If a customer moved between the portions while 1C20 was a single train, but left a bag on the other portion then this is the easiest way to link the portions to find the lost property and the portion they travelled on as they both have the same RSID (SN2305nn). If any of these services ran late or were cancelled you need the RID as this describes the specific run of the service on a particular day for which customers might claim delay-repay compensation. The HEADCODE is largely used by staff for rostering and train consist as it is a short and memorable reference to the service that will be run each day at that time to the same destination.
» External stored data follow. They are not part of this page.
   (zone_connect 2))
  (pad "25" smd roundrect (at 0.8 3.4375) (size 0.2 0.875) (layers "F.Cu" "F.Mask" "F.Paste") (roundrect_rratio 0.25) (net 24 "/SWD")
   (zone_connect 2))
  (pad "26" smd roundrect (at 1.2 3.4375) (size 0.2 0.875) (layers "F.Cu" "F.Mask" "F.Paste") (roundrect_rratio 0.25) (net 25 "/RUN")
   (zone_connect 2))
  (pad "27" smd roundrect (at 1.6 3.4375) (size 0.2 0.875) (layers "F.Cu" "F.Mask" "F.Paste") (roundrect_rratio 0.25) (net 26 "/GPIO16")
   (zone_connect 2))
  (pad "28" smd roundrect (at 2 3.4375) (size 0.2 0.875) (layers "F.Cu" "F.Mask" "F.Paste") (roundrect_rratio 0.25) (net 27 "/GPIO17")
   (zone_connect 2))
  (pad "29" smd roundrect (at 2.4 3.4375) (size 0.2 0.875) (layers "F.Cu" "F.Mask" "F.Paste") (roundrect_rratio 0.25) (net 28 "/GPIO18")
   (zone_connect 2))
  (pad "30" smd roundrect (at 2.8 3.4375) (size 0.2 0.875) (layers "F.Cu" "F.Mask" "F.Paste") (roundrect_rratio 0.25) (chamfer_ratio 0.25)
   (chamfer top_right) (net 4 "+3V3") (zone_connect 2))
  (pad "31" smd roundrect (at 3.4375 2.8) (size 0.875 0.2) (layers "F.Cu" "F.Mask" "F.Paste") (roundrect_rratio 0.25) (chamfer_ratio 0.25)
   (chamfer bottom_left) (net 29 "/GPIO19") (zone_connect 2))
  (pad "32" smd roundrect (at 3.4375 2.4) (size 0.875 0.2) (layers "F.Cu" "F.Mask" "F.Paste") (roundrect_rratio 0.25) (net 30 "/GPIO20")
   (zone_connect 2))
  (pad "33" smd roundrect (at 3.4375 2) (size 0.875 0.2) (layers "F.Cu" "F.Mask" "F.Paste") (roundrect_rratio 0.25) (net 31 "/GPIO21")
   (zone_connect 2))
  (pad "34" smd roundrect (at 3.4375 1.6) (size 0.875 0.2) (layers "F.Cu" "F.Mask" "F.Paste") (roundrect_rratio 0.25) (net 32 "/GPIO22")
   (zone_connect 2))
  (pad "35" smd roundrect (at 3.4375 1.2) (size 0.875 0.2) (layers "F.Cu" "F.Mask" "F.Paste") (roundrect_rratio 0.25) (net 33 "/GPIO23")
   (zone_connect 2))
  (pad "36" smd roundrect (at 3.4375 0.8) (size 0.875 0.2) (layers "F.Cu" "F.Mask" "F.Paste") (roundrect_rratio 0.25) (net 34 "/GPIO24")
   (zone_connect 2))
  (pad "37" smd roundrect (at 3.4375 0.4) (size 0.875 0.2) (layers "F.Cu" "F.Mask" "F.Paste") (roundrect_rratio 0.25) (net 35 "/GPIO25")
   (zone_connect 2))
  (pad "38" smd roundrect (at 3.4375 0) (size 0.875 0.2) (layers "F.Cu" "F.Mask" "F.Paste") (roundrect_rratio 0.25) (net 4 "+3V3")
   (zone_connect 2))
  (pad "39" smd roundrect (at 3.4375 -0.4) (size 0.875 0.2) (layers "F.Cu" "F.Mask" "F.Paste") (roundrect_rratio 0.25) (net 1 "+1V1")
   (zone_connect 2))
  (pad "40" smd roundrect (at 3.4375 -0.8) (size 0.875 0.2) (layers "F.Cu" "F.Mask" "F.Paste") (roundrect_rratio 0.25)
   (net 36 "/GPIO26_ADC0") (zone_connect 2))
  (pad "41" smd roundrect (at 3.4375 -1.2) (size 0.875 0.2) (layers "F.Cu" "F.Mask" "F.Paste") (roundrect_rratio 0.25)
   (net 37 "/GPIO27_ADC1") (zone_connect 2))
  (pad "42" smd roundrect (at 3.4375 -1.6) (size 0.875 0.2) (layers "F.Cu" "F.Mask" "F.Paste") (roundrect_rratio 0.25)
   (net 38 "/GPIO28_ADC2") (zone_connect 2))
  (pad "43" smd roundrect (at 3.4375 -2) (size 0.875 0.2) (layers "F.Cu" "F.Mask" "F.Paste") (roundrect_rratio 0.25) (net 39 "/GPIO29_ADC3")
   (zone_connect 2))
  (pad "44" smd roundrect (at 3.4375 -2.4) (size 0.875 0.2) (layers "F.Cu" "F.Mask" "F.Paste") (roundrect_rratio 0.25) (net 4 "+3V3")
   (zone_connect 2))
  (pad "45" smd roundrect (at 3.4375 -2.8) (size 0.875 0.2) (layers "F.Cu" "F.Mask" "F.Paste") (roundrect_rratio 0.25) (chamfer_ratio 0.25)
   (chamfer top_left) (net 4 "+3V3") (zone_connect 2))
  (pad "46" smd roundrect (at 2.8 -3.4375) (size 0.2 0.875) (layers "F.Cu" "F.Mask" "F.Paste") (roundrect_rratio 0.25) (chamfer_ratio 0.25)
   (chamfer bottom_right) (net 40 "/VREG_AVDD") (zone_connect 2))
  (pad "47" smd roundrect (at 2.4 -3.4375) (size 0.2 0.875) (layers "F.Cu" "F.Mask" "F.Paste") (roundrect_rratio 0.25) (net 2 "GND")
Meanwhile, the TRAIN-UID is largely important to schedulers as it is only important for timetables. The TRAIN_UID repeats on each day of the same timetable at the same times… but it does change if there is a disruption, strike or new timetable. It is quite a lot more difficult to remember than a HEADCODE. See how these references change within a day and between days:

Historically, these four systems have been archived in different places, and it has not been easy to search the archives by any of these references and automatically find the others. For example, National Rail RTTI Historic does not have the RID and the Historic Performance Service does not However, working with Northern Rail, TransportAPI has brought all these references together in the TAPI Rail Performance managed service… as shown in the Rail Performance Explorer web version below. Clicking the tab at the left opens up on the display of the state of the journey at any chosen point.

TAPI Rail Performance managed service can be accessed by API so that web applications, apps and screens can be programmed to run repeated queries or business systems like Salesforce can be designed to pull in the full journey history if there is a customer enquiry. All the historic data is in one place labelled with all 4 references so you don’t have to switch between systems, which is especially useful when the customer is on the line.
Understanding rail referencing systems matters because that is the way to link all aspects of performance together. Consistently below average satisfaction scores in customer surveys can be linked to a variety of different delivery systems each using its own referencing … but without a link between these referencing systems, the causes of performance issues will be harder to find.